THERE IS NO STABLE RELEASE OF SKETCH AT THE MOMENT.
- provide a backend for data-visualization web applications.
- integrate with client side javascript visualization libraries (maps, charts, …)
- ...
- REST inteface for importing records into MongoDB collections from various data formats: csv files, json files, …
- User based Permission system on collections
- REST interface for querying MongoDB objects
- REST inteface for sketch objects introspection: exposes sketch instance capabilities (mappers, formatters, processors)
- REST inteface for executing server-side process on a set of records
- Mappers: transform records at import time, adding or modifying fields using an extensible set of transform functions.
- Formatters: transform query output using an extensible set of predefined formats
- Processors: execute server side operations on a set of objects.
- Javascript API for accessing all REST intefaces
I recommend using virtualenv to manage an installation of sketch. Once your virtualenv set up, activate it and install dependencies with pip:
pip -r requirements.txt
This will install all python requirements. Let me repeat once more one thing: USE VIRTUALENV
A reachable MongoDB server is also required for sketch to work.
If you have mongodb installed in your developement server, you can use the "startlocalmongo.sh" script in the sketchproject folder.
This script will start an instance of Mongo that writes data in the "sketchdata" folder within the project. You can select host of MongoDB instance by with the following variables in settings.py:
- MONGO_SERVER_HOSTNAME: defaults to localhost
- MONGO_SERVER_PORT: defaults to 27017
- MONGO_SERVER_DEFAULT_DB: it's the default db for sketch. All APIs will work on this if no database name is passed.
Right now, sketch uses the standard (relational) version of Django, so the ORM works with a SQL database as usual. This database is used to store entities for users, permissions, and other sketch components. In the settings coming with sketch a local sqlite database is used.
To initialize the database activate your virtuelenv and issue the Django command:
python manage.py syncdb
in the "sketchproject" folder. Django will ask you to create an administration user. Do it.
Once python dependencies, Mongo setup and SQL initialization have been done, start the django developement server with:
python manage.py runserver
And navigate to
localhost:8000/index
You should get the login page for Sketch Browser, shipped with the sketch_ui django application.
Sketch has these main features:
- Importing data into the nosql database, optionally transforming and enriching records as they are imported.
- Querying data over http with a REST interface, optionally performing some addtional process on the set of records matching the query.
All the features are exposed in three ways:
- with a RESTful service over the http protocol
- with a javascript api based on jquery.ajax()
- with django management commands
Importing data into sketch involves these steps:
- Telling sketch how to get records out from your data. This is done with RecordParsers.
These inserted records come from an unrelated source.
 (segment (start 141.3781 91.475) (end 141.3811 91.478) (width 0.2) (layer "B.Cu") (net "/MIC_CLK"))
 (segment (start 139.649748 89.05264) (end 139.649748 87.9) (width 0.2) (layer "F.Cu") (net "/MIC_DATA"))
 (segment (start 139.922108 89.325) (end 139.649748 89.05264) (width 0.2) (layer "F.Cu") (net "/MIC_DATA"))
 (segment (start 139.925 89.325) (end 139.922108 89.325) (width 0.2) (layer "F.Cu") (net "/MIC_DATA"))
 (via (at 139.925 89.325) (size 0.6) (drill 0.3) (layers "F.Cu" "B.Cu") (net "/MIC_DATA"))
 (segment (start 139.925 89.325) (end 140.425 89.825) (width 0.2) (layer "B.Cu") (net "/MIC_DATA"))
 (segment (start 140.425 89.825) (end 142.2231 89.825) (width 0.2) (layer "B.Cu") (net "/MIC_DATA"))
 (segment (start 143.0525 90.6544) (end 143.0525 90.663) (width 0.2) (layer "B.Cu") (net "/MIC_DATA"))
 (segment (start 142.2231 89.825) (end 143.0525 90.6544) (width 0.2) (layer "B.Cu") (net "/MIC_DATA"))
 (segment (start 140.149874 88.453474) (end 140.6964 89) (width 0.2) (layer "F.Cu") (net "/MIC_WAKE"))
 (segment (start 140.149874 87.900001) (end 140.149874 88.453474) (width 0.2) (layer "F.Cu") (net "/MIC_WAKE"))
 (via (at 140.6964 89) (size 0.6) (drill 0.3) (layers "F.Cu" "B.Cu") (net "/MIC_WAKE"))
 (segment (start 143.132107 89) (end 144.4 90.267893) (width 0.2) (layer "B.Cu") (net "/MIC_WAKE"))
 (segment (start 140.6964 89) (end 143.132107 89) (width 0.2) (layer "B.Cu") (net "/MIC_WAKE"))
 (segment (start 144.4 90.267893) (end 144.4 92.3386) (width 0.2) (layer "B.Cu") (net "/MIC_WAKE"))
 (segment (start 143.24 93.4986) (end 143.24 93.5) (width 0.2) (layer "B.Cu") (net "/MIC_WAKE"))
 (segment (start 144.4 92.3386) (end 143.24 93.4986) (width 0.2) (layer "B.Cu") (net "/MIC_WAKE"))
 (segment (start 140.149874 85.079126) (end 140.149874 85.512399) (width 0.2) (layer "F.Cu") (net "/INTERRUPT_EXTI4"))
- Optionally, perform some trasforms while importing data. This is done with Mappers
The results of an import task is having some records stored in a collection within MongoDB.
- Results can be filtered with ..
- Results can be formatted with … The objects responsible for this task are Formatters
A Collection within sketch represents bucket used to store a set of record objects. Each record belongs to a collection.
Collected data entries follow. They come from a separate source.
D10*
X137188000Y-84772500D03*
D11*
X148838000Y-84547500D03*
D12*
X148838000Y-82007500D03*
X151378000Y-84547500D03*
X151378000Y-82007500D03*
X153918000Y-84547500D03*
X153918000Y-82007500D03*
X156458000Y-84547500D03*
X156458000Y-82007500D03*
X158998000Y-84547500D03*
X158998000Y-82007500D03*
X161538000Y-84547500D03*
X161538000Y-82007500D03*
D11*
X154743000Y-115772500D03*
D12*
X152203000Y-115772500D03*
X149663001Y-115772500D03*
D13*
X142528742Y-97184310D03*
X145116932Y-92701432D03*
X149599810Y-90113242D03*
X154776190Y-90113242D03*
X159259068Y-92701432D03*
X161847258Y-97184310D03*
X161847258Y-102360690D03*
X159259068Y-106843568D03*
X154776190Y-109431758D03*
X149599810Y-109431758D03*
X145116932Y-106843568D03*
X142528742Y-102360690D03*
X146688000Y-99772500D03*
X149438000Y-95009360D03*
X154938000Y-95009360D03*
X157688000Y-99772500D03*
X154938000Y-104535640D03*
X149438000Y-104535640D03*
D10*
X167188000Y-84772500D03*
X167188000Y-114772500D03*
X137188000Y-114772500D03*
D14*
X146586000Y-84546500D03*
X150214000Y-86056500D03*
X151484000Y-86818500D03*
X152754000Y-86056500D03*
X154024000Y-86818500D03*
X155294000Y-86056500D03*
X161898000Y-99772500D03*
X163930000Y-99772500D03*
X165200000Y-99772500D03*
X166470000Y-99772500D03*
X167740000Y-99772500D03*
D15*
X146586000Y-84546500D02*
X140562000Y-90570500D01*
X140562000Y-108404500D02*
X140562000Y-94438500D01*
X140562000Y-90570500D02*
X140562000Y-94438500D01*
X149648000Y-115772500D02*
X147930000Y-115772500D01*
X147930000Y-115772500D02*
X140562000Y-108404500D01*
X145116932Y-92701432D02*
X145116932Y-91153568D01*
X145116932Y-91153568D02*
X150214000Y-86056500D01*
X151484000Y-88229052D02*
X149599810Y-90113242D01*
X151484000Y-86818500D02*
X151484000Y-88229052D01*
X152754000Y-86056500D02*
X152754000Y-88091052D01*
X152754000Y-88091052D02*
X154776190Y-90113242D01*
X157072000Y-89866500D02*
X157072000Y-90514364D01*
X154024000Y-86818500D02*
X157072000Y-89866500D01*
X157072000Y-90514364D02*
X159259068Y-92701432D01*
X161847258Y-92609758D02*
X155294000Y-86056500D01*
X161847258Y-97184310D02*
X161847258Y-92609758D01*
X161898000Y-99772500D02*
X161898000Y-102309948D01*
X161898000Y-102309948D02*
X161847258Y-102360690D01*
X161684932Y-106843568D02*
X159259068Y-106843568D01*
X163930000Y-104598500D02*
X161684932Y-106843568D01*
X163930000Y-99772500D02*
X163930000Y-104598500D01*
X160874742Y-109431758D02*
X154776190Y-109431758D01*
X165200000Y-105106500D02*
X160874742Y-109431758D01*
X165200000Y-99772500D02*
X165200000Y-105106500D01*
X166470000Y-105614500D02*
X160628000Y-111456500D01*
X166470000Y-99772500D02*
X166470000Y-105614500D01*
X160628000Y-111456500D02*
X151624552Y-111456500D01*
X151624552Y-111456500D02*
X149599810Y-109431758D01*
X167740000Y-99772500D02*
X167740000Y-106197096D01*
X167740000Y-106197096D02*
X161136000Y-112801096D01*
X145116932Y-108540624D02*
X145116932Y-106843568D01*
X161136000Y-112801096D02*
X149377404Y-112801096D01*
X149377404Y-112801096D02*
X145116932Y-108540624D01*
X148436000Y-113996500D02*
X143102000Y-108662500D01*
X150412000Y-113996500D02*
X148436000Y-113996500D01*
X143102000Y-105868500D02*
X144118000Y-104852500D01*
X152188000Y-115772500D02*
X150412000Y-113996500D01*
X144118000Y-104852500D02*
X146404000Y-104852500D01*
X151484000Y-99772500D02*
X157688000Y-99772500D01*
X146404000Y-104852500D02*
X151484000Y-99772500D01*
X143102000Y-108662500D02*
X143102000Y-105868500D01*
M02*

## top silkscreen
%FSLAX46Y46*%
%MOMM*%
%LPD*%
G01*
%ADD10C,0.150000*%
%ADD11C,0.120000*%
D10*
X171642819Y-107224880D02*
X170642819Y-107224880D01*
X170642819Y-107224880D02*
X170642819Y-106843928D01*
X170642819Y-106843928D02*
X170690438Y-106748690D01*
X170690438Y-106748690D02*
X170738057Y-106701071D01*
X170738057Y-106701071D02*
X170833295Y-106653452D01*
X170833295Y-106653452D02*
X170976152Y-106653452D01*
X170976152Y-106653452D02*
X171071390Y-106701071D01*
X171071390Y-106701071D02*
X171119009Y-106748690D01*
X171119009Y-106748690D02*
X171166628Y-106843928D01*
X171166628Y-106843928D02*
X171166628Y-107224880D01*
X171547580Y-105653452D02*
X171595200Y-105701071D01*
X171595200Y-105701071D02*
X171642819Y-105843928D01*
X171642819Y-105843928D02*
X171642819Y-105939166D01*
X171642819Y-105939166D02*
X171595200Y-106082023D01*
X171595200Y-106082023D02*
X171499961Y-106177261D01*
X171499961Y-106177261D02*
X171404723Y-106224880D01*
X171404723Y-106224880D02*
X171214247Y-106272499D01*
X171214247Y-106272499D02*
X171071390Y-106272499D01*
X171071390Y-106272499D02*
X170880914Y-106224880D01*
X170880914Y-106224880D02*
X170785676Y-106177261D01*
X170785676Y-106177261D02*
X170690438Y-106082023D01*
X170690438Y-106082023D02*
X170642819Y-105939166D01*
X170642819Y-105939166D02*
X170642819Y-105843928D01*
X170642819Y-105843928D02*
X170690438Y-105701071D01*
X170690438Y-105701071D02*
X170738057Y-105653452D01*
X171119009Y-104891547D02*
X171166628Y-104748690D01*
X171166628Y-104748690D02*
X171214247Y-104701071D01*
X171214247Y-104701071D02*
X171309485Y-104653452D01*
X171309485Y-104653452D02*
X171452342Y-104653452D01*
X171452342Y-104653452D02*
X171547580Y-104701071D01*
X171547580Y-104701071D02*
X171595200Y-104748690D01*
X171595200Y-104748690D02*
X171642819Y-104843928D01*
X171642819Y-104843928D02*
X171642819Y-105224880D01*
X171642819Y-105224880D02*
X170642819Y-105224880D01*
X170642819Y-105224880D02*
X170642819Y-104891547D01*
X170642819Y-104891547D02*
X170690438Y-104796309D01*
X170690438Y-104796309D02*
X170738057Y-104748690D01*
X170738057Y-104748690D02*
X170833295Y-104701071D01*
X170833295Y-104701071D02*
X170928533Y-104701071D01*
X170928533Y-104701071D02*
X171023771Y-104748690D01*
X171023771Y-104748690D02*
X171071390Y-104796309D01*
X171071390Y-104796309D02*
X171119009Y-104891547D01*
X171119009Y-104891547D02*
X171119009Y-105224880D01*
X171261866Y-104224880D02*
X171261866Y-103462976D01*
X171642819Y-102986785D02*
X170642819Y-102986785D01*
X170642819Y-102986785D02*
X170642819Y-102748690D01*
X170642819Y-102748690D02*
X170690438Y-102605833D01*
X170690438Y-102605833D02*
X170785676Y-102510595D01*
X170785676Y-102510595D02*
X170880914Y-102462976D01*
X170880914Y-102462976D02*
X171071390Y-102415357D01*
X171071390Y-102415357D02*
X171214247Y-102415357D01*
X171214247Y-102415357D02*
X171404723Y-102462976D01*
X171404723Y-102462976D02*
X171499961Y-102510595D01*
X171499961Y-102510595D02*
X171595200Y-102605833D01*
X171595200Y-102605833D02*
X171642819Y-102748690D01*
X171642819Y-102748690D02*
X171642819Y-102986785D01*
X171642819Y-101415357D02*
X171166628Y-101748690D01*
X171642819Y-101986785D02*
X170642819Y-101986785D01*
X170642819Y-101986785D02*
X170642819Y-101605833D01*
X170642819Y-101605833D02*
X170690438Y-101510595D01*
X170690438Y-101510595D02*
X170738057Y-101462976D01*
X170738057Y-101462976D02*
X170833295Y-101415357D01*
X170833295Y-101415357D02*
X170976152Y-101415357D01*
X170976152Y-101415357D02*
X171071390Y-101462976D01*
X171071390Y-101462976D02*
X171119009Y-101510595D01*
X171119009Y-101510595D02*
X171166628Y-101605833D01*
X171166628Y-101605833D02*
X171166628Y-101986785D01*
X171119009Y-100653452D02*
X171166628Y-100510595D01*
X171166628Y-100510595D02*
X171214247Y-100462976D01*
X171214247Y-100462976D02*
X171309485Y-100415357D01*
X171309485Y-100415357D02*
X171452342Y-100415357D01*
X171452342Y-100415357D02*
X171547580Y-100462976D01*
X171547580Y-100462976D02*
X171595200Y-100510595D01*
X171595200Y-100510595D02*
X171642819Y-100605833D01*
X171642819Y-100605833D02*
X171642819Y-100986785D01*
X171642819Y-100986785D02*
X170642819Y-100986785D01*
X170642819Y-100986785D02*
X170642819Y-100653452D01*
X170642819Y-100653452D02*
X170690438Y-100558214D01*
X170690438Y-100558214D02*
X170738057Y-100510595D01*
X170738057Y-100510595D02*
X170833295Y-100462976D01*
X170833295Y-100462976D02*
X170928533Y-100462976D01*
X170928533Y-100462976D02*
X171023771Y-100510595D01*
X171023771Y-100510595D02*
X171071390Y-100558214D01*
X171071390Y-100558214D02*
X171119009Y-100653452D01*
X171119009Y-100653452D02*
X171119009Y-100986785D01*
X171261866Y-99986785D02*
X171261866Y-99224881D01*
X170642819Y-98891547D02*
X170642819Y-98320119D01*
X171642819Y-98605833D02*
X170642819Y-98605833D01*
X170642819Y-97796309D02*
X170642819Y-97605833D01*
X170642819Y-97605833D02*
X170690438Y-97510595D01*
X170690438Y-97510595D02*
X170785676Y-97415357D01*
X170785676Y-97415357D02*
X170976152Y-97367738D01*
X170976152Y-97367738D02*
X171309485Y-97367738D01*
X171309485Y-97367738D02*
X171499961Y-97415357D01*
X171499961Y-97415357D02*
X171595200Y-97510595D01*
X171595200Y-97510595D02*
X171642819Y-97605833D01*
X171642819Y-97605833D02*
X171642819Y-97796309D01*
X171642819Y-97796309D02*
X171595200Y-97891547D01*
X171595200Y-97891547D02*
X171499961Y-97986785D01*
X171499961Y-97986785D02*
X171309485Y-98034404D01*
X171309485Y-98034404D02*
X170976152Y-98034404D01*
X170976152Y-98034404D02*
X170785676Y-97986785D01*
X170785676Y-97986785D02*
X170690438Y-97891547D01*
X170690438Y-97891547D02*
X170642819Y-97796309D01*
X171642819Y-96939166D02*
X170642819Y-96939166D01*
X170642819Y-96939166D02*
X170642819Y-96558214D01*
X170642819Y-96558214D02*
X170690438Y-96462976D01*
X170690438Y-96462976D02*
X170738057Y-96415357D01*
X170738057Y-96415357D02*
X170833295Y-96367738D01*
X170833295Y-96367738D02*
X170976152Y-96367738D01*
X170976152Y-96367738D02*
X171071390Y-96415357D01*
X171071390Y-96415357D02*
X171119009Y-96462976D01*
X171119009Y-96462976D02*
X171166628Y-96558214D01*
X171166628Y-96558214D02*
A sketch collection directly maps to a MongoDB collection, and it is also represented by a Django model.
The record parser is the object used to convert data from a textual source into records. It is used at import time.
TBW
TBW
TBW
To simplify the management of objects some management functions are provided. They can be used from the 'manage.py' django script.
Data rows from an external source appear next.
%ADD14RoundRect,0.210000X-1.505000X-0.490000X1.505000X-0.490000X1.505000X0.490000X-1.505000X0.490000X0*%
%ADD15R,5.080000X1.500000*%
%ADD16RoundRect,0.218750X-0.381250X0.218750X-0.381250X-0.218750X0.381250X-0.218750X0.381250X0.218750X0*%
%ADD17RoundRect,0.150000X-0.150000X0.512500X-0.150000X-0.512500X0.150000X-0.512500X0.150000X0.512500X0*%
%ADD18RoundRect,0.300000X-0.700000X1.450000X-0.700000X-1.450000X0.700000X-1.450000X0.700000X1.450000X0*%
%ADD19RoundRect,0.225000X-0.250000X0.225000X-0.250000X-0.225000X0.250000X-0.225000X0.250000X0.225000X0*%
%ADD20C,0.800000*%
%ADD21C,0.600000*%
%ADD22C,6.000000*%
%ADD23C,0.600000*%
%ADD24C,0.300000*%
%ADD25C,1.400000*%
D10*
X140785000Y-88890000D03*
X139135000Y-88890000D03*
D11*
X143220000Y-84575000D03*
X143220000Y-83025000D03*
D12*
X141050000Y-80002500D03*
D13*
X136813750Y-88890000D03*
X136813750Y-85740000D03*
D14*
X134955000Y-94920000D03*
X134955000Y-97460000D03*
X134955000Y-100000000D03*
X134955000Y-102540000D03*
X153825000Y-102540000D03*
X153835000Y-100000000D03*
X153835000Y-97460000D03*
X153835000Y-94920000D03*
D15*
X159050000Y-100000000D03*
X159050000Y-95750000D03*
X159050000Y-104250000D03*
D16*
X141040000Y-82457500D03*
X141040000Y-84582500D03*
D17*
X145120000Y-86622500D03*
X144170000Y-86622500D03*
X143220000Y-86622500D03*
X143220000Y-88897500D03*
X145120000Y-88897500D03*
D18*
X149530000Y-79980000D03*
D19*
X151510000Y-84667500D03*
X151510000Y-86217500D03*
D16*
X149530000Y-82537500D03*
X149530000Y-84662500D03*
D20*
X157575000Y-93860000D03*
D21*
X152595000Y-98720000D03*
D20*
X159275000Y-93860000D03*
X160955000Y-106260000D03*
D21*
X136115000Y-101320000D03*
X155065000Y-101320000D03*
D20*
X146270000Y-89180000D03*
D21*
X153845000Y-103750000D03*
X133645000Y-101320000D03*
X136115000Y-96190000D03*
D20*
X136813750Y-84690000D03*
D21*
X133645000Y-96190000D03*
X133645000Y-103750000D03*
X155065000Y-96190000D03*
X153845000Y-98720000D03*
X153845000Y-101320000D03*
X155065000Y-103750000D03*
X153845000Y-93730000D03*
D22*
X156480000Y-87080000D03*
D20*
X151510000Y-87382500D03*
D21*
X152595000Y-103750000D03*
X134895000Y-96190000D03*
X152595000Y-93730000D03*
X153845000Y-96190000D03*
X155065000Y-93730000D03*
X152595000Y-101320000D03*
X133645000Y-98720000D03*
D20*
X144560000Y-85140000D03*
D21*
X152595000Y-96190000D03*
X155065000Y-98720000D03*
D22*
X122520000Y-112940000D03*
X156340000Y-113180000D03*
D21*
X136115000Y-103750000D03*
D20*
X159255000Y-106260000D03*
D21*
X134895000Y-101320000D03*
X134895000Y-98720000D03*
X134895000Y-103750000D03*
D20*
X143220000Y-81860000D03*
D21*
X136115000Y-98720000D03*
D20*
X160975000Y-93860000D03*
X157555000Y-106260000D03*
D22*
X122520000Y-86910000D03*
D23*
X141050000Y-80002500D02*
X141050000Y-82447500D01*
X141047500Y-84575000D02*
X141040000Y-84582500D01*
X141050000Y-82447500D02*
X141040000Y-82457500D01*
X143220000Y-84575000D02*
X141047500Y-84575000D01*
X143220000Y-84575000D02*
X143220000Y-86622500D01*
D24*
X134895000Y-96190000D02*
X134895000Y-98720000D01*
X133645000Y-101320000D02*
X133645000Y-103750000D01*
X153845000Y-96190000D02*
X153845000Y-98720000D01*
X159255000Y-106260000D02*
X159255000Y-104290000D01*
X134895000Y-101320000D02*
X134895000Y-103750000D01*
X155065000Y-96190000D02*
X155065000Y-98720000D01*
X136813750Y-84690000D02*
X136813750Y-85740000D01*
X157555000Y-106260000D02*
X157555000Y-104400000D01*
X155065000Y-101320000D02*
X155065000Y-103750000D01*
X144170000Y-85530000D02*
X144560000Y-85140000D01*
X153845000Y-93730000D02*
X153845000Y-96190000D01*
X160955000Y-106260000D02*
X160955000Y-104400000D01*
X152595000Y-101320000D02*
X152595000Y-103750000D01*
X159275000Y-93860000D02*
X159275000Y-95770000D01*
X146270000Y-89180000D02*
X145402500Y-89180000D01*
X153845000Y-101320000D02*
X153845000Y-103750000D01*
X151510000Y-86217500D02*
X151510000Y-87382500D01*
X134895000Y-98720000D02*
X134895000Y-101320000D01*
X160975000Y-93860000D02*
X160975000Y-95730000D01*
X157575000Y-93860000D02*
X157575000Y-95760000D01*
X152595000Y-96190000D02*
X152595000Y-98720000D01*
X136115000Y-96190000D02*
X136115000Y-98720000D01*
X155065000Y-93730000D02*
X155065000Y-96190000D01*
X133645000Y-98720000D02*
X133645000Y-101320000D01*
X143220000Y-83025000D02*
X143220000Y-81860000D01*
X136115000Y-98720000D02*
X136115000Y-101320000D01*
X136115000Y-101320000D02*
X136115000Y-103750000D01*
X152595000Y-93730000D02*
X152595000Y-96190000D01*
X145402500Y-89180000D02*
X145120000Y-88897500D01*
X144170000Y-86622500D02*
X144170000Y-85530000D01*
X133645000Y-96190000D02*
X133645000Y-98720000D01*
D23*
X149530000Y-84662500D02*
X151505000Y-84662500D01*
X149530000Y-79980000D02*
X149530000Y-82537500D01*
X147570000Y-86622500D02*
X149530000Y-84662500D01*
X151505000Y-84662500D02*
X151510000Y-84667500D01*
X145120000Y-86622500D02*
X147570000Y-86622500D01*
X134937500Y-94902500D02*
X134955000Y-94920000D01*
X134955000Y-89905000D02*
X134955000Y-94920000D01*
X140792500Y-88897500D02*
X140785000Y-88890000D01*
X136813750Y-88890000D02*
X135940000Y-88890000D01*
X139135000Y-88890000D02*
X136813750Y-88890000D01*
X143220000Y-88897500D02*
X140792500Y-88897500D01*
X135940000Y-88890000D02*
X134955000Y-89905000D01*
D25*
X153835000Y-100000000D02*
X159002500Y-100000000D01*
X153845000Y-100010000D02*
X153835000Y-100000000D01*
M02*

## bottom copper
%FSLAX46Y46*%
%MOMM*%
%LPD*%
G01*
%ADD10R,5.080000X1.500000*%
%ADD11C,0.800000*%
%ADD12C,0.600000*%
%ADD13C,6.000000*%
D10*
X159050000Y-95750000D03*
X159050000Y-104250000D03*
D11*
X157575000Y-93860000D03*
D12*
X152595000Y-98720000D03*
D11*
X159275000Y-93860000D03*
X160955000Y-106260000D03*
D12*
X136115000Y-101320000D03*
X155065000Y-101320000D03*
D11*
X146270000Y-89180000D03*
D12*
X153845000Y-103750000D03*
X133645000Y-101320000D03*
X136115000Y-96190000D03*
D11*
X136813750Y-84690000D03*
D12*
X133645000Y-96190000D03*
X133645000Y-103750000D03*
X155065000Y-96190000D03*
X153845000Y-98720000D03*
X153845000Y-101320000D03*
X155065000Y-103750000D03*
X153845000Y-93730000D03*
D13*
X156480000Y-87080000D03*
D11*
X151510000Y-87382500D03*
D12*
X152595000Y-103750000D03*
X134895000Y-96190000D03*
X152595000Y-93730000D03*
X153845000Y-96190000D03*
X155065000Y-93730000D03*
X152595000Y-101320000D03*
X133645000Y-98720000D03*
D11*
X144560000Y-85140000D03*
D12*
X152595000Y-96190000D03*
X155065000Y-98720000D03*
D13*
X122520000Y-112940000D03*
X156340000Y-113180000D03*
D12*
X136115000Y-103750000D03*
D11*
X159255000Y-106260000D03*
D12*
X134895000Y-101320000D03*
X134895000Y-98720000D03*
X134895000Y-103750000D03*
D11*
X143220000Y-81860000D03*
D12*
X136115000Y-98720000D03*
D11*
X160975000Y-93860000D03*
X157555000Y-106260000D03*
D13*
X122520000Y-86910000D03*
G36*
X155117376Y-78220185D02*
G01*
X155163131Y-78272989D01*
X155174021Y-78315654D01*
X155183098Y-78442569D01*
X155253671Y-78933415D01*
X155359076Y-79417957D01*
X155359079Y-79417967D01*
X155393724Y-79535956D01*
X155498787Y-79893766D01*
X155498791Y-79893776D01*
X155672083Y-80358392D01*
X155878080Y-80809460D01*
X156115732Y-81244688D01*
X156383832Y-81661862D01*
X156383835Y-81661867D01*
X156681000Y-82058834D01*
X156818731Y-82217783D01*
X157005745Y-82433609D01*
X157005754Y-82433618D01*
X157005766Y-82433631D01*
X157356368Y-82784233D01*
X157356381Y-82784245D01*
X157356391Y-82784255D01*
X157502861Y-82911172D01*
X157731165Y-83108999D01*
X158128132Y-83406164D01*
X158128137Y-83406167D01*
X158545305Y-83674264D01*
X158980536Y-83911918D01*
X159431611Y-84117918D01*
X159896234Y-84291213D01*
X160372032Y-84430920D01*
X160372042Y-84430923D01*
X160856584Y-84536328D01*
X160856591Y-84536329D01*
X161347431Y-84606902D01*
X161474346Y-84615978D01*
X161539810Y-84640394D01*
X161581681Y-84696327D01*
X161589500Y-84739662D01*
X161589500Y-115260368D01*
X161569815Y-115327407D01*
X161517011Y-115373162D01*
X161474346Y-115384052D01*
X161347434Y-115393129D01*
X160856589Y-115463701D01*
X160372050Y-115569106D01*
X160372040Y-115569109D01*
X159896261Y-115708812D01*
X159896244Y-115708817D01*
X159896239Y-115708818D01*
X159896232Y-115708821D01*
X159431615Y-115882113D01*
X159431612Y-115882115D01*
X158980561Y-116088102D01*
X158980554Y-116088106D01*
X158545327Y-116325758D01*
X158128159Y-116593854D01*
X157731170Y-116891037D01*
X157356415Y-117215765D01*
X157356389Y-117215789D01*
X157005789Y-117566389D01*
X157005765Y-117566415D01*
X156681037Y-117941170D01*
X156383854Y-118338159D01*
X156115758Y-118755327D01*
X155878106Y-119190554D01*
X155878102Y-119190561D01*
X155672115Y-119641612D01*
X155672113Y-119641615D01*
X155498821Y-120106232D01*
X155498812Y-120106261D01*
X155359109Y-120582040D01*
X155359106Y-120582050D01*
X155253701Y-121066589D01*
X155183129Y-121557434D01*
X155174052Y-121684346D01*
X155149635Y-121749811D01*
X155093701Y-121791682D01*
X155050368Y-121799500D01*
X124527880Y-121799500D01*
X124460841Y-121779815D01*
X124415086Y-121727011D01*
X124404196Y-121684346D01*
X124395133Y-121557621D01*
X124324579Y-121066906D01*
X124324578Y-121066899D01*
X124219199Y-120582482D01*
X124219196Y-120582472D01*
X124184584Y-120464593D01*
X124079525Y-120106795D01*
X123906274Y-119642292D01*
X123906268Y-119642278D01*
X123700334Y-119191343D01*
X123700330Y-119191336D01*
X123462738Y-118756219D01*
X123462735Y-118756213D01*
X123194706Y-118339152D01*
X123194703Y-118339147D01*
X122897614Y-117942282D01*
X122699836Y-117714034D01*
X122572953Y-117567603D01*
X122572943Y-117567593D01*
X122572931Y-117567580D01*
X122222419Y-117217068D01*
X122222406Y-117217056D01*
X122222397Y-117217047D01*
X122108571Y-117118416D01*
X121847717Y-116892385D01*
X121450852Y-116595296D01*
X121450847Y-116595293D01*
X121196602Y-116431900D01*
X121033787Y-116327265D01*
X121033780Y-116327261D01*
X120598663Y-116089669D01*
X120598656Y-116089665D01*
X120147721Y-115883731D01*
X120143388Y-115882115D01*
The sketchinfo command can be used to perform sketch introspection from the command line, listing available databases, collections, parsers, formatters, mappers, transforms and processors available within the system.
python manage.py sketchinfo server|db|parsers|formatters|mappers|transforms|processors [--database database_name]
The required argument represents the type of introspection that needs to be performed.
Command switches:
- --database specifies the name of the database we are acting on [defaults to settings.MONGO_SERVER_DEFAULT_DB]
Data can be imported from command line with the sketchimport management command. Data is imported from text files.
python manage.py sketchimport --collection collection_name --parser parser_name --datafile file_path [--database database_name] [--commit]
Command switches:
- --collection specifies the name of the collection we are acting on
- --parser-name the RecordParser name to use during import, as specified in settings.ALLOWED_PARSERS
- --datafile the path to a file to be imported
- --database specifies the name of the database we are acting on [defaults to settings.MONGO_SERVER_DEFAULT_DB]
- --commit if the commit flag is not set, data is not actually imported, but only checked. If this flag is specified, import is issued for records that can be imported, while problematic records are skipped.
The sketchobjects command lets you perform a query from the command line, getting results printed to stdout
python manage.py sketchobjects --collection collection_name [--database database_name] [--limit limit] [--offset offset] [--query query] [--formatter formatter]
Command switches:
- --collection specifies the name of the collection we are acting on
- --database specifies the name of the database we are acting on [defaults to settings.MONGO_SERVER_DEFAULT_DB]
The sketchcmd management command has the following syntax
python manage.py sketchcmd [--database database_name] [[--drop-collection collection_name]|[--drop-database]
Command switches:
- --database specifies the name of the database we are acting on [defaults to settings.MONGO_SERVER_DEFAULT_DB]
- --drop-collection drops the collection passed with collection_name
- --drop-database drops the database database_name passed with the --database switch
All operations within sketch can be performed by means of HTTP requests, using any client capable of doing GET and POST requests.
In addition, sketch comes with a javascript api to facilitate the integration with javascript applications, providing means to perform all sketch operations directly from javascript.
The js api is based on jquery, the only js dependency.
Sketch comes with a folder of example data TBW
Sketch comes with a set of example client applications TBW
TBW